A huge drawback to Google Fi I rarely hear about is that Google is just terrible at customer support. At least with T-Mobile I can call someone, chat with someone, go to a store, get Twitter support, and it's usually pretty quick.
The biggest plus is protection against SIM hijacking, which I agree is a big plus, but no one should be using SMS for 2FA anyway.
I've been using Fi for 3 years. CS has always been hit-or-miss in my experience, but it has gotten worse now that there are a lot more subscribers (thanks to iPhone support and the massive Pixel 3 promo they did last year). They tend to send a lot more generic non-answers, never call back during your call back period (or call at some random hour like 4:30 AM), or just don't even respond at all anymore.

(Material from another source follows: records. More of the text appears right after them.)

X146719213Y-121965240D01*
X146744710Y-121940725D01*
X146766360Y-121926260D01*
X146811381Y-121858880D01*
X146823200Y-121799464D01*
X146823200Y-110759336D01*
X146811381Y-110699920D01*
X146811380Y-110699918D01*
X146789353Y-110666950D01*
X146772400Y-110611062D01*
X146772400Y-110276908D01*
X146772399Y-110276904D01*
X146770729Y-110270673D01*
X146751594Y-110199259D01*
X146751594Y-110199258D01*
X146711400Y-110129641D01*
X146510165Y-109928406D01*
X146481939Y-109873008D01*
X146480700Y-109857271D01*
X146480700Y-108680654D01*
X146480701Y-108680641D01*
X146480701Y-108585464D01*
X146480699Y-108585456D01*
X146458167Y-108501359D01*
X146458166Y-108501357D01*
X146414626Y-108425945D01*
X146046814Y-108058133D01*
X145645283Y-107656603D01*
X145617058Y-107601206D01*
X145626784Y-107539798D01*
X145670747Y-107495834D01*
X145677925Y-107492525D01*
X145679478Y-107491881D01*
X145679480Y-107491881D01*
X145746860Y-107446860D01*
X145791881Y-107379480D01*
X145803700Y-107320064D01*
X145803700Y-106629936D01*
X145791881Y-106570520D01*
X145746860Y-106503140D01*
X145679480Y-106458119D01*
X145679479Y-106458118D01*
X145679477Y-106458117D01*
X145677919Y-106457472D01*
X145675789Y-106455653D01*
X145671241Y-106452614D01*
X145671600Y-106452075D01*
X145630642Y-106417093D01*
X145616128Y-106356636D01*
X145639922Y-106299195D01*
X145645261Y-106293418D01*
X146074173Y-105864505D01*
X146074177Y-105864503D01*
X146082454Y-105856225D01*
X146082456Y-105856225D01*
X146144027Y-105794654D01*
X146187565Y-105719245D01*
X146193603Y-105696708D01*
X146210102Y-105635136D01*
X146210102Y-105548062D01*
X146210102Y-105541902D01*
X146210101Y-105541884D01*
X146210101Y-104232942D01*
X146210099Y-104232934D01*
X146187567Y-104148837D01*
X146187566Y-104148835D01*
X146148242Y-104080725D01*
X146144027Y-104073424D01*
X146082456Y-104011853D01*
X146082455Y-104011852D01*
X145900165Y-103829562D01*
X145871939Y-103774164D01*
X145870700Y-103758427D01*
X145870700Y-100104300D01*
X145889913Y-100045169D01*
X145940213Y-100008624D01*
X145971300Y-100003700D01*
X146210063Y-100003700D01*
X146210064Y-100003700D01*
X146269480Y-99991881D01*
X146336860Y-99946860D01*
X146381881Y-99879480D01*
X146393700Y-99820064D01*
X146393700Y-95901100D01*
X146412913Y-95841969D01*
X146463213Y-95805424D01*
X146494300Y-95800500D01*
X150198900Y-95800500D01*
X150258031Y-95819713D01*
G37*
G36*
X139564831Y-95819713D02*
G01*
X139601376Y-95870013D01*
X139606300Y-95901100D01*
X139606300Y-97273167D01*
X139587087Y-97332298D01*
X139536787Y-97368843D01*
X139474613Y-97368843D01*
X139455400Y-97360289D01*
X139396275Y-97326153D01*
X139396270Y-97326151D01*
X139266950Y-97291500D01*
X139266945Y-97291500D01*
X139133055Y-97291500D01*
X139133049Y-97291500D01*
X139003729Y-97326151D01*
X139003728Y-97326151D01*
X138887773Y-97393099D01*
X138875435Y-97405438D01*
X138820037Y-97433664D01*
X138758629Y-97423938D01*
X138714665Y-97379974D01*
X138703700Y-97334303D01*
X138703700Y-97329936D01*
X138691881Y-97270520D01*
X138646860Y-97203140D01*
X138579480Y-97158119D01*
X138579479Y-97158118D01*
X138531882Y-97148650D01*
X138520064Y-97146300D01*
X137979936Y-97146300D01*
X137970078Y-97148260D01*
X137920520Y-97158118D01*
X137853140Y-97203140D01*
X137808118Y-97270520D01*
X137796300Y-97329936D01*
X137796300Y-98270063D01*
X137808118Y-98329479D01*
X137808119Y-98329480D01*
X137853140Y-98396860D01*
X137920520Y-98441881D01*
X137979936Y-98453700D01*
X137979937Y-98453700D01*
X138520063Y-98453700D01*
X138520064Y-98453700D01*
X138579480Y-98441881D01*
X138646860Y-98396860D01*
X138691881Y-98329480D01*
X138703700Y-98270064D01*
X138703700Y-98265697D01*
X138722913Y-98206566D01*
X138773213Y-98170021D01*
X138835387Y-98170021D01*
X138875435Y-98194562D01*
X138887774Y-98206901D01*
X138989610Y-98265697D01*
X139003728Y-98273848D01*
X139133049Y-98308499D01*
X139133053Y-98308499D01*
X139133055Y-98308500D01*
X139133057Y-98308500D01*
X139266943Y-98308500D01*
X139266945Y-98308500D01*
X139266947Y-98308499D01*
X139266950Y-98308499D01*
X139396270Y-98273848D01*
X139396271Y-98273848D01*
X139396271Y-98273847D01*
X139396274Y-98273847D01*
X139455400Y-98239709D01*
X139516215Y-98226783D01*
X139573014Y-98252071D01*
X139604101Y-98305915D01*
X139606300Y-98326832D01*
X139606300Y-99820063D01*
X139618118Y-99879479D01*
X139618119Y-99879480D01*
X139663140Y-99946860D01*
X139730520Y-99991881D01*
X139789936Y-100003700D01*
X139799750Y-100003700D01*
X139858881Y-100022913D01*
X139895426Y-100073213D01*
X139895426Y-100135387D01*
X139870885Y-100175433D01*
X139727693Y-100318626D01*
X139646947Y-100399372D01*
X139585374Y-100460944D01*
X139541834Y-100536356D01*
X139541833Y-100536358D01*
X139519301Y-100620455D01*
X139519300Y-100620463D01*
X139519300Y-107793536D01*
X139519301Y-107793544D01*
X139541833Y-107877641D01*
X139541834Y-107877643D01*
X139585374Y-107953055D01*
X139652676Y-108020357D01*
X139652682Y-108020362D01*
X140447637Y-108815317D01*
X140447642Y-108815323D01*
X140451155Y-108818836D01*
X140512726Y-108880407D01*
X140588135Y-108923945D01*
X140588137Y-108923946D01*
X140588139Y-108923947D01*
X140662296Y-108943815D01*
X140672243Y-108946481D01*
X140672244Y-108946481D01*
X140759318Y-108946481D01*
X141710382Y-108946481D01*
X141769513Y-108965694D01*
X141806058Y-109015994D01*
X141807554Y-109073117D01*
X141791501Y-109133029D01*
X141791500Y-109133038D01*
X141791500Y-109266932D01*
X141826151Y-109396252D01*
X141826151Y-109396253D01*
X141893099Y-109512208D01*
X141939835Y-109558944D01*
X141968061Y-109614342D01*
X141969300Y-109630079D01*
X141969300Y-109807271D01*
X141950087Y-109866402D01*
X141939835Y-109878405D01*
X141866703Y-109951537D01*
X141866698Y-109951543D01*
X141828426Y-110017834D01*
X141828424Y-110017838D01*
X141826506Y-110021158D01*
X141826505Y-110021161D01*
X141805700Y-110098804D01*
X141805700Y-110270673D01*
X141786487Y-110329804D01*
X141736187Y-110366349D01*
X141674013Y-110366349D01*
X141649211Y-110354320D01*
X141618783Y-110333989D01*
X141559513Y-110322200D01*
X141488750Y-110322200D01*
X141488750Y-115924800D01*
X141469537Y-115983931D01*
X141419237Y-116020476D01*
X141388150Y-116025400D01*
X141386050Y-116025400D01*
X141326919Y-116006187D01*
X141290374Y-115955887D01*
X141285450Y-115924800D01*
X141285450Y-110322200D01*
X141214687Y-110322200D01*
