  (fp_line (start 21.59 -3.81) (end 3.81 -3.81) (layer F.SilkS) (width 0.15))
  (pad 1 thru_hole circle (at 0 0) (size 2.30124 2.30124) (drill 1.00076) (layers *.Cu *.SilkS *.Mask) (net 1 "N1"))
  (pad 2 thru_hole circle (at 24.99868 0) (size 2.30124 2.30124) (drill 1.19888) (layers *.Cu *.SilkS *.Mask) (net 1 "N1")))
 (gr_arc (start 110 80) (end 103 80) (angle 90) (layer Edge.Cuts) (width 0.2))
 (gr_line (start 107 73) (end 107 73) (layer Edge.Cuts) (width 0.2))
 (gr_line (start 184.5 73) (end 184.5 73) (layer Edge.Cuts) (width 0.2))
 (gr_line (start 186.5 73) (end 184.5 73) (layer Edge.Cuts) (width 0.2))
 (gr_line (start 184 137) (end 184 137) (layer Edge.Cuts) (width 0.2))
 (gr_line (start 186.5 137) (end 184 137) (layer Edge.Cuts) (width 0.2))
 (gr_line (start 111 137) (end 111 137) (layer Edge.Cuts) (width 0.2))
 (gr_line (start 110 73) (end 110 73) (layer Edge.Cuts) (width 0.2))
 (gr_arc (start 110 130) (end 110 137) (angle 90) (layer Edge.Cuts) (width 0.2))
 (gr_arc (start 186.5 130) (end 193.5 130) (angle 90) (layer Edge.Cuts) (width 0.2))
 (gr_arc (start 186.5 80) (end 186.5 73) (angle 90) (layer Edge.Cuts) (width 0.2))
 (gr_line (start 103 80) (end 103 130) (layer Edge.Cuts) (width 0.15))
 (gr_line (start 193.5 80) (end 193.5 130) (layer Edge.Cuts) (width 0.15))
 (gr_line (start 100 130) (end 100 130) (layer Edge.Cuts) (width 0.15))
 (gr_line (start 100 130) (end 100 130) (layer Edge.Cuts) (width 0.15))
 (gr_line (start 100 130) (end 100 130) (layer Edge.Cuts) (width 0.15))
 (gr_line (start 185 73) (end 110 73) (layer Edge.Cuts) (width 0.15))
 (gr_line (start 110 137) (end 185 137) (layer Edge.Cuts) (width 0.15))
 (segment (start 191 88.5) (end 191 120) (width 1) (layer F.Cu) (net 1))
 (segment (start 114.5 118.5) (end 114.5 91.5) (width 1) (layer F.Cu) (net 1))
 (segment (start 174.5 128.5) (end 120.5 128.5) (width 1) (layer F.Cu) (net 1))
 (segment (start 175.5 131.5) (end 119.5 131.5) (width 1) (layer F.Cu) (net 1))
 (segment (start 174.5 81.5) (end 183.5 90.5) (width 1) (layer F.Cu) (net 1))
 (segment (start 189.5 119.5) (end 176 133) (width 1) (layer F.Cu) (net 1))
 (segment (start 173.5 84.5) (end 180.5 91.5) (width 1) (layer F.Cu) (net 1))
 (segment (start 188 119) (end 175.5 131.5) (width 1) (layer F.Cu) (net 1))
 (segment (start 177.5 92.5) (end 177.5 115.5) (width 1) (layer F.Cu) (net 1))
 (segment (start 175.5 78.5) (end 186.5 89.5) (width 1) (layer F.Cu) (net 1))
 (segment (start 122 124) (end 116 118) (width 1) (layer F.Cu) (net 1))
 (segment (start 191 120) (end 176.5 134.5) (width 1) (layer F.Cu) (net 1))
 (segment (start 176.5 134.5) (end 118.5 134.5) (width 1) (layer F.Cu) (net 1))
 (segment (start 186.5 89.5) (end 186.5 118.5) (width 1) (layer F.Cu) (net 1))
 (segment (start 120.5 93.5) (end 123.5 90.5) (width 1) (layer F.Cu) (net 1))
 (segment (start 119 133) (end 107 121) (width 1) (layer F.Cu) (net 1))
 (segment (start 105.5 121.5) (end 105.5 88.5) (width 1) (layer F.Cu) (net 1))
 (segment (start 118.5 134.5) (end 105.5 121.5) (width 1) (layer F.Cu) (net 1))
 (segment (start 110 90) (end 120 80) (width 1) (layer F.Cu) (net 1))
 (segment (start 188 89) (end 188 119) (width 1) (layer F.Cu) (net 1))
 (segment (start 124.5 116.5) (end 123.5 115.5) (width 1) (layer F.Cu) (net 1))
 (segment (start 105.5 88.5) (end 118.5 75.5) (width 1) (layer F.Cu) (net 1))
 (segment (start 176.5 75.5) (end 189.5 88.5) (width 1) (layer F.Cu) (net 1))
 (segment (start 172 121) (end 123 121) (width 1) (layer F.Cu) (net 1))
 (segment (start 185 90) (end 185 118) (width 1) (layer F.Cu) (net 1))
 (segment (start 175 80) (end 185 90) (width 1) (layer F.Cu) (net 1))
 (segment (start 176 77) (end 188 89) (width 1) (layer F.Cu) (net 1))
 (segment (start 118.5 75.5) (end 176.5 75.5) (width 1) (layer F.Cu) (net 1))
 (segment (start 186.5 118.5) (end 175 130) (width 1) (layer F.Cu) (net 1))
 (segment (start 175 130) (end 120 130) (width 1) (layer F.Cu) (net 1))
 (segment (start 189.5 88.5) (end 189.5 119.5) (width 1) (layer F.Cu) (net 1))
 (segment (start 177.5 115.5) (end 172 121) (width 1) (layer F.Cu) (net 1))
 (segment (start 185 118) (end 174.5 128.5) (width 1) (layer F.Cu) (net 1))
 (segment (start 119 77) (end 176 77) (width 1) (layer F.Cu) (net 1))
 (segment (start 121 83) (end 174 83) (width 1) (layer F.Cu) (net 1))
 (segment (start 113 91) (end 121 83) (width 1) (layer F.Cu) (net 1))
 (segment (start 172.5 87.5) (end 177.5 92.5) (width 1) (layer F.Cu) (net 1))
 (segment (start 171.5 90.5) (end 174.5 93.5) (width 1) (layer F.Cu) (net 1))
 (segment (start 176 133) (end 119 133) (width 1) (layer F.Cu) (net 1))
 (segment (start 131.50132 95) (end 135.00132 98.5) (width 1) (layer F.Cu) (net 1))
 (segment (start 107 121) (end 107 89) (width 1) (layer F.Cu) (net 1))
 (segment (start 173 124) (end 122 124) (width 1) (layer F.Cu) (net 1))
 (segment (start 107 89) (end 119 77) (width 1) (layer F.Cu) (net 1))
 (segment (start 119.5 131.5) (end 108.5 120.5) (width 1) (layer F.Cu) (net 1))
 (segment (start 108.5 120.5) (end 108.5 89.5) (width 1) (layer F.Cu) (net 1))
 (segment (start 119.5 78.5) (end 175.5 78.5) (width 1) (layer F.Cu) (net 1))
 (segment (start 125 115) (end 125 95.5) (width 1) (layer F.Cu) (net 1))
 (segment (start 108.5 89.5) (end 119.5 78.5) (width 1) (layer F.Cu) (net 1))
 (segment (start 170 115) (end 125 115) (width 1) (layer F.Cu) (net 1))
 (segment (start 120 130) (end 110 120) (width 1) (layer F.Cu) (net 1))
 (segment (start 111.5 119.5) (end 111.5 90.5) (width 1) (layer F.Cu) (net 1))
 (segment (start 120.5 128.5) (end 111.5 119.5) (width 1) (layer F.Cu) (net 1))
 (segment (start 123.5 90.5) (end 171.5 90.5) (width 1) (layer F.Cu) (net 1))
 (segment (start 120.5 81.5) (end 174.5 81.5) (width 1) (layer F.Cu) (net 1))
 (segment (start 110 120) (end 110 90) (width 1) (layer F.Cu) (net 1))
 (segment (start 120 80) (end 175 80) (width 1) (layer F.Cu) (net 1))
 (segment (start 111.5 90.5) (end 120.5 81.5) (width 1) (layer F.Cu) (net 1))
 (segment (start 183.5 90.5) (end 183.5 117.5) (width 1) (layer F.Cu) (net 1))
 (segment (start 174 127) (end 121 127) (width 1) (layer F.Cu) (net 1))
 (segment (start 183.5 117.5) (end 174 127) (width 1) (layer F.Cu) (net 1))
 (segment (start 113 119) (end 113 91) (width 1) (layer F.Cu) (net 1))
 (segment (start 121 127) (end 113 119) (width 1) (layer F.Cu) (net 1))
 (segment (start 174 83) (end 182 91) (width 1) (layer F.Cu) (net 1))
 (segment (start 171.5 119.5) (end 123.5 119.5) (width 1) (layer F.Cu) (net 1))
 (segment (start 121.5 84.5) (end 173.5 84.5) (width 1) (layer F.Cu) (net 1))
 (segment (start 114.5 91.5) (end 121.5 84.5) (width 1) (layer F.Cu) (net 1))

Like many companies, if you keep calling you'll eventually get someone awesome who can pull strings. But it's frustrating.
I've had the experience twice of phones getting lost on the way to me. They would insist on running an "investigation" that could last weeks or never resolve, before they would send a new device. In both cases, I had to be pretty pushy with the agent that the phone either fell off the truck or someone at FedEx stole it. Usually I needed a new phone ASAP due to a failure.
Don't get me wrong, Fi is awesome, especially for international travel. Just show up at the airport and you've got service. The data rate structure is totally fair for how I use it. But there are definitely benefits to having a local Apple Store or Best Buy with a compatible phone in stock.
I've had excellent phone support with Fi in the past, but that was when it was Project Fi.
This outage is a bit worrying though. I'm sitting here waiting for a very important call and now found out, by reading HN, that they may not be able to reach me.
This would be a little bad for Google's free services.
Threads here frequently mention that Google's paid services are decent, but not here. People pay for Google Fi! Not only do they have awful support, but now they have issues like this.
The biggest plus is protection against SIM hijacking, which I agree is a big plus, but no one should be using SMS for 2FA anyway.